WORK REQUEST: Give again, word for word, each line below starting at the one that contains "X113.0Y-100.0" and ending at the one that contains "(kicad_pcb (version 20221018)".

THE DATA:
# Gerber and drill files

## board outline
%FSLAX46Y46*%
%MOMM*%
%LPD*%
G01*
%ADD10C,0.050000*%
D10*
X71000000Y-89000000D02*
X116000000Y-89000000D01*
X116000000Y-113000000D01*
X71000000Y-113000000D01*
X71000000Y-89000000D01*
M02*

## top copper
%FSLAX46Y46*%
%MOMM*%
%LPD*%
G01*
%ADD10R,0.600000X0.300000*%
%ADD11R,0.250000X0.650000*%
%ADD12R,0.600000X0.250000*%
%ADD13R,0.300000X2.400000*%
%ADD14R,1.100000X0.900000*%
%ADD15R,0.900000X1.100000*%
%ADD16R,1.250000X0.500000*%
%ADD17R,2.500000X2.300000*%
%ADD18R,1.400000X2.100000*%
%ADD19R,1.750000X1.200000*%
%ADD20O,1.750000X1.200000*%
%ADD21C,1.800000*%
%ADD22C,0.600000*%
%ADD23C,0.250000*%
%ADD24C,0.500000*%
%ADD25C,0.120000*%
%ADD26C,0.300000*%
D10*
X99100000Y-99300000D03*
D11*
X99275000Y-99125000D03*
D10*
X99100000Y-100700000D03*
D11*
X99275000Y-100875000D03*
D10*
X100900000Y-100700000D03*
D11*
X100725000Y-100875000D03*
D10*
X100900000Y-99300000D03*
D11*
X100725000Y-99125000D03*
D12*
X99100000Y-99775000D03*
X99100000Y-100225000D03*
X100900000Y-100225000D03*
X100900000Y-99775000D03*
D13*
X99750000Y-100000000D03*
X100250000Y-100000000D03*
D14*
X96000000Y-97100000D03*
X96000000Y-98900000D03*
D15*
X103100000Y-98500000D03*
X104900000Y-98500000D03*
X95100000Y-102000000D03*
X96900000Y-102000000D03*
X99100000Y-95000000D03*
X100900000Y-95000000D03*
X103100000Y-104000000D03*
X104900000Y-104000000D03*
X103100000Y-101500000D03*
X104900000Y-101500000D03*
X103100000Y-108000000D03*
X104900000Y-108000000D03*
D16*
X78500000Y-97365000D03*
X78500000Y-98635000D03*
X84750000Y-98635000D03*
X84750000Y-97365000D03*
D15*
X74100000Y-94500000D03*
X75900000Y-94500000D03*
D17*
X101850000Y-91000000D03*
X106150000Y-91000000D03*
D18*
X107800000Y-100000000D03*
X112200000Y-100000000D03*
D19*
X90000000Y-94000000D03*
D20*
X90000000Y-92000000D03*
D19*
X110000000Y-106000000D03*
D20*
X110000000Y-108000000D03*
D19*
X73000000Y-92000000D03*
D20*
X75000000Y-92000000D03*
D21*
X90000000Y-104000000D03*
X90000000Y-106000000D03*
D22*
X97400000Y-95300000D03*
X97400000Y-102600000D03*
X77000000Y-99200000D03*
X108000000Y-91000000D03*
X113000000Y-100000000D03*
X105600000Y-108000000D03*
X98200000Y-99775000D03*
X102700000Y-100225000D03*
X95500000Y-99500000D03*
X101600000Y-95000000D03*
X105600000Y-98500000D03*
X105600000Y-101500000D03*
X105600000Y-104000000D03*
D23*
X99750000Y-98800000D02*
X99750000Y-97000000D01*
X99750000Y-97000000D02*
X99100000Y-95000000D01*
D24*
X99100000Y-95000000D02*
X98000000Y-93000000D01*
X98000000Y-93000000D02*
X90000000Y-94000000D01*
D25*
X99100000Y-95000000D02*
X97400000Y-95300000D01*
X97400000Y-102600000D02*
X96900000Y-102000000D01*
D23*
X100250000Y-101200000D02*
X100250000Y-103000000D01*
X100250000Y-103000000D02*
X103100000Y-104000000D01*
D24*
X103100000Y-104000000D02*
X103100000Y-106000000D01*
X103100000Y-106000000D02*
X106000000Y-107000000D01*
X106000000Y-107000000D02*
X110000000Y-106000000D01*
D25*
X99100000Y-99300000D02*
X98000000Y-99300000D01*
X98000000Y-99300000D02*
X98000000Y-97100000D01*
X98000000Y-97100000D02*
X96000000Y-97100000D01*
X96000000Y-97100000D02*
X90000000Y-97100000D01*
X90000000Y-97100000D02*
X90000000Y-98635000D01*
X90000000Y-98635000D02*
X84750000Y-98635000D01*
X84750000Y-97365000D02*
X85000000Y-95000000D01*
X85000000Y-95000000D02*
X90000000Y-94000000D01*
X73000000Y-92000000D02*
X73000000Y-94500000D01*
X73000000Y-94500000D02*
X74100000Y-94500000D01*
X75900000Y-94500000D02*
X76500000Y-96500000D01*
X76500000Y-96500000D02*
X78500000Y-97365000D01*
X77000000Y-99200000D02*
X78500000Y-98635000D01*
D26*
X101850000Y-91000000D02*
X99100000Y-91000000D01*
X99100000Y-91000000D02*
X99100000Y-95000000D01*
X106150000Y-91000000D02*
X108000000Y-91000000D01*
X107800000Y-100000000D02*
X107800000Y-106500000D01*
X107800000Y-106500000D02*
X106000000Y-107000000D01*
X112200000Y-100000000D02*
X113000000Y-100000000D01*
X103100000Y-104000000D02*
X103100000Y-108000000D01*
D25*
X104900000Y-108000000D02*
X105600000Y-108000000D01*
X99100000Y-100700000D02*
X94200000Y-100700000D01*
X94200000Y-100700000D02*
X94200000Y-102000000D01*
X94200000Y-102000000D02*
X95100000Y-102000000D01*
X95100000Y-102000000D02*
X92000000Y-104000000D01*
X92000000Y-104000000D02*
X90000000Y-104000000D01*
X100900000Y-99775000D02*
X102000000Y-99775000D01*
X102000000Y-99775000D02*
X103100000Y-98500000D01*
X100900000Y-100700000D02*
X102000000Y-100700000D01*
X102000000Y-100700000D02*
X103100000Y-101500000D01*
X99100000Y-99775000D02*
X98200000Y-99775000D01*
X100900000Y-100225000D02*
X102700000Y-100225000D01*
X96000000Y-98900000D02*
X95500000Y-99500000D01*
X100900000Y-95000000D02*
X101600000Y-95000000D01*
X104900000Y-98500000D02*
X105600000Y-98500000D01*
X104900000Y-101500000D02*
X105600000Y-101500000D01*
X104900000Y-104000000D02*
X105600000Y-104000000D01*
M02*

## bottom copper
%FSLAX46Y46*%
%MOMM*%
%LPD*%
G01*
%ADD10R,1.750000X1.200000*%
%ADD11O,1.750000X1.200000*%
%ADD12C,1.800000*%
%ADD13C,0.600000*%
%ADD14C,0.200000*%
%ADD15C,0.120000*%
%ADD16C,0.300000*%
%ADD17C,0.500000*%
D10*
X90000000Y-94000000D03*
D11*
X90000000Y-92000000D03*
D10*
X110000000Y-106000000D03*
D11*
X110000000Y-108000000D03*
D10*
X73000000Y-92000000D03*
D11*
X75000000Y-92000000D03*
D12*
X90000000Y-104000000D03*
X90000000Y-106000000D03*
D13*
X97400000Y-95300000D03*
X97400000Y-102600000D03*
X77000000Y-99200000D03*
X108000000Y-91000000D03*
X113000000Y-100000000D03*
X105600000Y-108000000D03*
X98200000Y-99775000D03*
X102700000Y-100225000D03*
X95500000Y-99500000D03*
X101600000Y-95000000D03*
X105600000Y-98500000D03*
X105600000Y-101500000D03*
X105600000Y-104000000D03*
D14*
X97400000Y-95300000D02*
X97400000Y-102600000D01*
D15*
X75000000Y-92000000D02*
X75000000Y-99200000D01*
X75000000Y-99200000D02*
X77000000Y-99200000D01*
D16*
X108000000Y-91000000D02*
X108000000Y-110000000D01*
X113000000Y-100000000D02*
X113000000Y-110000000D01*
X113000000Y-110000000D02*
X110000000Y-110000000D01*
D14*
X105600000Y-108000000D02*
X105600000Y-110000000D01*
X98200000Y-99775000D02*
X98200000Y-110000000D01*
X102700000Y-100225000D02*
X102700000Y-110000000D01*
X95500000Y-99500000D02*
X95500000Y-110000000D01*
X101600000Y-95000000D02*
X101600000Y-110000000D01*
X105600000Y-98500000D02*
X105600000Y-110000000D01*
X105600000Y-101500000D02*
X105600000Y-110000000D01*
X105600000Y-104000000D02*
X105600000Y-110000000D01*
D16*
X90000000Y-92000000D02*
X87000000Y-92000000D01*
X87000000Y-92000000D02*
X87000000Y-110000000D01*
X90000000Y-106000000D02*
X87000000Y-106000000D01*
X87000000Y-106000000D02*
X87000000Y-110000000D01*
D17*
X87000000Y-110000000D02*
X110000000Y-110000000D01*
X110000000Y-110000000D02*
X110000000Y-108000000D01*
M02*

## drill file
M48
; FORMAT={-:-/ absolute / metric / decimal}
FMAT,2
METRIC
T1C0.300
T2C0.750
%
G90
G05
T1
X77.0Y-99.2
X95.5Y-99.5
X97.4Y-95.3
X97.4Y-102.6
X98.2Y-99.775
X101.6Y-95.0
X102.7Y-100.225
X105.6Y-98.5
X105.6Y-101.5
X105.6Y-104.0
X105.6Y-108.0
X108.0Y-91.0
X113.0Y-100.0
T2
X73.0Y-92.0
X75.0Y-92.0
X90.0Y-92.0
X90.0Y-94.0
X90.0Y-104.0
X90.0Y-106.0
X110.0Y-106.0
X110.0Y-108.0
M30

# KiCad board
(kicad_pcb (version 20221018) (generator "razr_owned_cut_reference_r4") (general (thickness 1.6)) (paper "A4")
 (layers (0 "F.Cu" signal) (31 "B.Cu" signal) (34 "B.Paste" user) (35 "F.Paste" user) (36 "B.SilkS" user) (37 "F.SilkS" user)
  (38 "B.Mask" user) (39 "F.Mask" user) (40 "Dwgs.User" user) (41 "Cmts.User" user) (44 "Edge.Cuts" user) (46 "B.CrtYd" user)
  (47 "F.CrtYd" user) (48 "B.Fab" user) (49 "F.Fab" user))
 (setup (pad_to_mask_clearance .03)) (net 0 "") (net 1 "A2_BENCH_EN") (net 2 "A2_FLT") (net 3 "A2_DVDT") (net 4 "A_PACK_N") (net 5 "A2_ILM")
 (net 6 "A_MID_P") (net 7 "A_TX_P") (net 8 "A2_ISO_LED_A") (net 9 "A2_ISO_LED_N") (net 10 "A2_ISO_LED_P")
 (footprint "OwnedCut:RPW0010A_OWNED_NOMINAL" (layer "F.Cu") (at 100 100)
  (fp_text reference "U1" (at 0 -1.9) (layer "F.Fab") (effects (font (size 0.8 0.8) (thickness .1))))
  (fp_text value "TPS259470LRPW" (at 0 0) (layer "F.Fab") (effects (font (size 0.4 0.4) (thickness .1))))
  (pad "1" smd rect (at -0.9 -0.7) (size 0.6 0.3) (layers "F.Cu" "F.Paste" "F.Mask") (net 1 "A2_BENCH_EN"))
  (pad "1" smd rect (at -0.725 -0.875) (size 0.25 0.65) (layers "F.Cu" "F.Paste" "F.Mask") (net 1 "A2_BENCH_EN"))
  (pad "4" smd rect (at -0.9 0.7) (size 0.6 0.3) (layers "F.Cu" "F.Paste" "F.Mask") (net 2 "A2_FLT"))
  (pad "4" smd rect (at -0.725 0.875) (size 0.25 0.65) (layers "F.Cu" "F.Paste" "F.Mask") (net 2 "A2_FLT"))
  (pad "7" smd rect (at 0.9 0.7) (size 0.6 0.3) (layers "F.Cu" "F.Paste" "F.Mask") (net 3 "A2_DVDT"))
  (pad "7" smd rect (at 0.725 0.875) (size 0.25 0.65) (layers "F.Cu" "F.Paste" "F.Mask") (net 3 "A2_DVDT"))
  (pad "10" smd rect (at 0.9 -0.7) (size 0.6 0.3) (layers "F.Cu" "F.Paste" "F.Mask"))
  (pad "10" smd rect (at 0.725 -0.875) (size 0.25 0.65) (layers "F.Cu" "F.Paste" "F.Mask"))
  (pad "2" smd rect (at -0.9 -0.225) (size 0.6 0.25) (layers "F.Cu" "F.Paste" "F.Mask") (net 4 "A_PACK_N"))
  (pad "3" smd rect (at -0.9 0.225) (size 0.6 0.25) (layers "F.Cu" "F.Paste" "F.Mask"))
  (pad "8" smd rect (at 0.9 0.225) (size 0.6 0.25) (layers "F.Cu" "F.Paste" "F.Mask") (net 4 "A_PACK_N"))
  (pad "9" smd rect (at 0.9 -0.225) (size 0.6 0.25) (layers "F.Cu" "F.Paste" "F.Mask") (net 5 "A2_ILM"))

...

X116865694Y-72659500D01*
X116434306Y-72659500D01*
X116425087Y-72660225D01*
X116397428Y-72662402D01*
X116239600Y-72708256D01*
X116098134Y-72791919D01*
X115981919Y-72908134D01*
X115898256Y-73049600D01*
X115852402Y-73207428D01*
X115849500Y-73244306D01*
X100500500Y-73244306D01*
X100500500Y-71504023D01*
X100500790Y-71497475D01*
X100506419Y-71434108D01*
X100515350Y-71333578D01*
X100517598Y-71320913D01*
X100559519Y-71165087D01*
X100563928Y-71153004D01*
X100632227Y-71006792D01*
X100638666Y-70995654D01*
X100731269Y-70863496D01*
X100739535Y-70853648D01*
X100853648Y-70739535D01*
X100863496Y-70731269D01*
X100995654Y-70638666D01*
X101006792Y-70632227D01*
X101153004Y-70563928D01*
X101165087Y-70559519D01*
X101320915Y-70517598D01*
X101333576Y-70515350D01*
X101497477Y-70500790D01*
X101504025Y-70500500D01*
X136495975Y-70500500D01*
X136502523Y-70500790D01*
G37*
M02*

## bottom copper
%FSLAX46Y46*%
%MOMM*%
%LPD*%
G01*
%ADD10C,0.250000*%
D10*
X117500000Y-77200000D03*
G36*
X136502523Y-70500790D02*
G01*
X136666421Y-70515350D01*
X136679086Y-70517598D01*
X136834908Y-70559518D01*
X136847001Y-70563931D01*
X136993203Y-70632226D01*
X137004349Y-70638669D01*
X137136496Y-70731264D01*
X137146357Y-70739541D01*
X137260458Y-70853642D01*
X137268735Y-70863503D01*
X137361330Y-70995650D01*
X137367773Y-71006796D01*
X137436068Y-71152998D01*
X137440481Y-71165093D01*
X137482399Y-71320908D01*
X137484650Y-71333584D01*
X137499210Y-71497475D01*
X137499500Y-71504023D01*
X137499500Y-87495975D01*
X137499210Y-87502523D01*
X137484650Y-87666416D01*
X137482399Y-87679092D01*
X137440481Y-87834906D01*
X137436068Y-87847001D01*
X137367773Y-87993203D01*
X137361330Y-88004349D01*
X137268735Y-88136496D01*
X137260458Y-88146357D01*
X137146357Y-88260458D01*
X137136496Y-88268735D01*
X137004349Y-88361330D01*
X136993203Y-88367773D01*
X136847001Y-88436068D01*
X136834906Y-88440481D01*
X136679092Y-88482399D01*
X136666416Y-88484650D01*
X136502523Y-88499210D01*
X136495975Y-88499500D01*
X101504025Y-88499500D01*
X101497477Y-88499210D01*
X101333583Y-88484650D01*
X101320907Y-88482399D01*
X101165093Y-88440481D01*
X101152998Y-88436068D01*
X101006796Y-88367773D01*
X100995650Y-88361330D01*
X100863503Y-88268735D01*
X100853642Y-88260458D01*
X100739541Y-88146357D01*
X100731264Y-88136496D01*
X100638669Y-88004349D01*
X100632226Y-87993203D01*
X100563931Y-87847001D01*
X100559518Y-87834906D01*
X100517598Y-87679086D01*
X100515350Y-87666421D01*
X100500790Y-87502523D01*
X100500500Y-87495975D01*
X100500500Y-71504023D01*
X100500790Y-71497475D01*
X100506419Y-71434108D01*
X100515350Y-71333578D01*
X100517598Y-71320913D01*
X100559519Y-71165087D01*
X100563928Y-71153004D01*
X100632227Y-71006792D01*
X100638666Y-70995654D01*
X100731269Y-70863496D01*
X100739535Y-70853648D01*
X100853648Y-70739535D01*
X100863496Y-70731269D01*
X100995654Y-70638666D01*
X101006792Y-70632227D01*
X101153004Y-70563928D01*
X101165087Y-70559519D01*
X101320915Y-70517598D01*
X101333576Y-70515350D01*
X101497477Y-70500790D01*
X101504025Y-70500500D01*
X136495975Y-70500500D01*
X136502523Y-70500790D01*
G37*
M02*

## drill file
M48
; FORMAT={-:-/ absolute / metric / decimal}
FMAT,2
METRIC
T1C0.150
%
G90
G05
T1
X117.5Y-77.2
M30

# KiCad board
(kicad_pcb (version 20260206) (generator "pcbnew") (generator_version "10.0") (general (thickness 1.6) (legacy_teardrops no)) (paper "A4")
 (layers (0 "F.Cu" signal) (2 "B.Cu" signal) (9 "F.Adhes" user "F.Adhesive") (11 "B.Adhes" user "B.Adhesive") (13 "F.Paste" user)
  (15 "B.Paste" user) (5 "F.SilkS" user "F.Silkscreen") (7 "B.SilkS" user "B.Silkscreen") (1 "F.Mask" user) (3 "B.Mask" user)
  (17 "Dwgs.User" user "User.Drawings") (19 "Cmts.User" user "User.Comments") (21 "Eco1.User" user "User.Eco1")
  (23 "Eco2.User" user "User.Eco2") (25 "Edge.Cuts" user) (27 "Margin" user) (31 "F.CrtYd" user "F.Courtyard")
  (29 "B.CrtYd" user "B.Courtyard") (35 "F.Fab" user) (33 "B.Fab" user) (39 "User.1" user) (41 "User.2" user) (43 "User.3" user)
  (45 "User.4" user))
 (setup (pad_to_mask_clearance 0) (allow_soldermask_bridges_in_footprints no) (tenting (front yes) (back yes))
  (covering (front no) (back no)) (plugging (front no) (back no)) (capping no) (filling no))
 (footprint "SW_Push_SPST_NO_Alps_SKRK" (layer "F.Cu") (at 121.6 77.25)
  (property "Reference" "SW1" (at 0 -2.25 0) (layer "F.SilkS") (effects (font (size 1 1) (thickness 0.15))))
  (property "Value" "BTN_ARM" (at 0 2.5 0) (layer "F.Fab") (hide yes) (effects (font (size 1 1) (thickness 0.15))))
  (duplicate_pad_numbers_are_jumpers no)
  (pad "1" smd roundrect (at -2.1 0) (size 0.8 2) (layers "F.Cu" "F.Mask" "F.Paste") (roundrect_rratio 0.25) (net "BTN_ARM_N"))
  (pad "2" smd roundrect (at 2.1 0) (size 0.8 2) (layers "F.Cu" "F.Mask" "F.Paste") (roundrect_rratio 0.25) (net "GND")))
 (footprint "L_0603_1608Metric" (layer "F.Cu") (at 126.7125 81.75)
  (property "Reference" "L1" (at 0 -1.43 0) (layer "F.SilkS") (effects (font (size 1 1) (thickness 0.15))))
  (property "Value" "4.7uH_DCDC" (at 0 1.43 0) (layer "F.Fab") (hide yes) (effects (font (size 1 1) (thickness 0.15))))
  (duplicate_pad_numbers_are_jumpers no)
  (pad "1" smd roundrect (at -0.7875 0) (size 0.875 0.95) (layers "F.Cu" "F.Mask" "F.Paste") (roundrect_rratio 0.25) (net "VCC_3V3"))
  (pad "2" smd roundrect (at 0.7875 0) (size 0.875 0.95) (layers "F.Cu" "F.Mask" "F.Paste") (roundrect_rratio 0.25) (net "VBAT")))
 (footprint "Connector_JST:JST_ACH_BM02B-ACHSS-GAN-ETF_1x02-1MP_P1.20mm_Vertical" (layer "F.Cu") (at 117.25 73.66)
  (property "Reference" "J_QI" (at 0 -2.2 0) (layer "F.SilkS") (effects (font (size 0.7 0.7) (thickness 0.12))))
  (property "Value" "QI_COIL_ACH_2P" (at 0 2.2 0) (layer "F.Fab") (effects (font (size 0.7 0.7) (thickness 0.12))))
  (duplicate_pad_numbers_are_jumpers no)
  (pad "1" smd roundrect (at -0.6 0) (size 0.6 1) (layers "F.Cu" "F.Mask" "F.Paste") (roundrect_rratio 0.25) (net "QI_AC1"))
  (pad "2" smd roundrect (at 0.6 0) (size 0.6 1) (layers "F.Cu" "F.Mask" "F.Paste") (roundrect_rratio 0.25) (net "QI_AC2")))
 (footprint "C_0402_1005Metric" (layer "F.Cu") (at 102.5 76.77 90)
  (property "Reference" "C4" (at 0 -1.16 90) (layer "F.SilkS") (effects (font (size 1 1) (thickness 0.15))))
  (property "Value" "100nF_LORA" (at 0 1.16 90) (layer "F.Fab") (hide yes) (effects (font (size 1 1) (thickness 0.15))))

ANSWER TO THIS TASK:
X113.0Y-100.0
T2
X73.0Y-92.0
X75.0Y-92.0
X90.0Y-92.0
X90.0Y-94.0
X90.0Y-104.0
X90.0Y-106.0
X110.0Y-106.0
X110.0Y-108.0
M30

# KiCad board
(kicad_pcb (version 20221018) (generator "razr_owned_cut_reference_r4") (general (thickness 1.6)) (paper "A4")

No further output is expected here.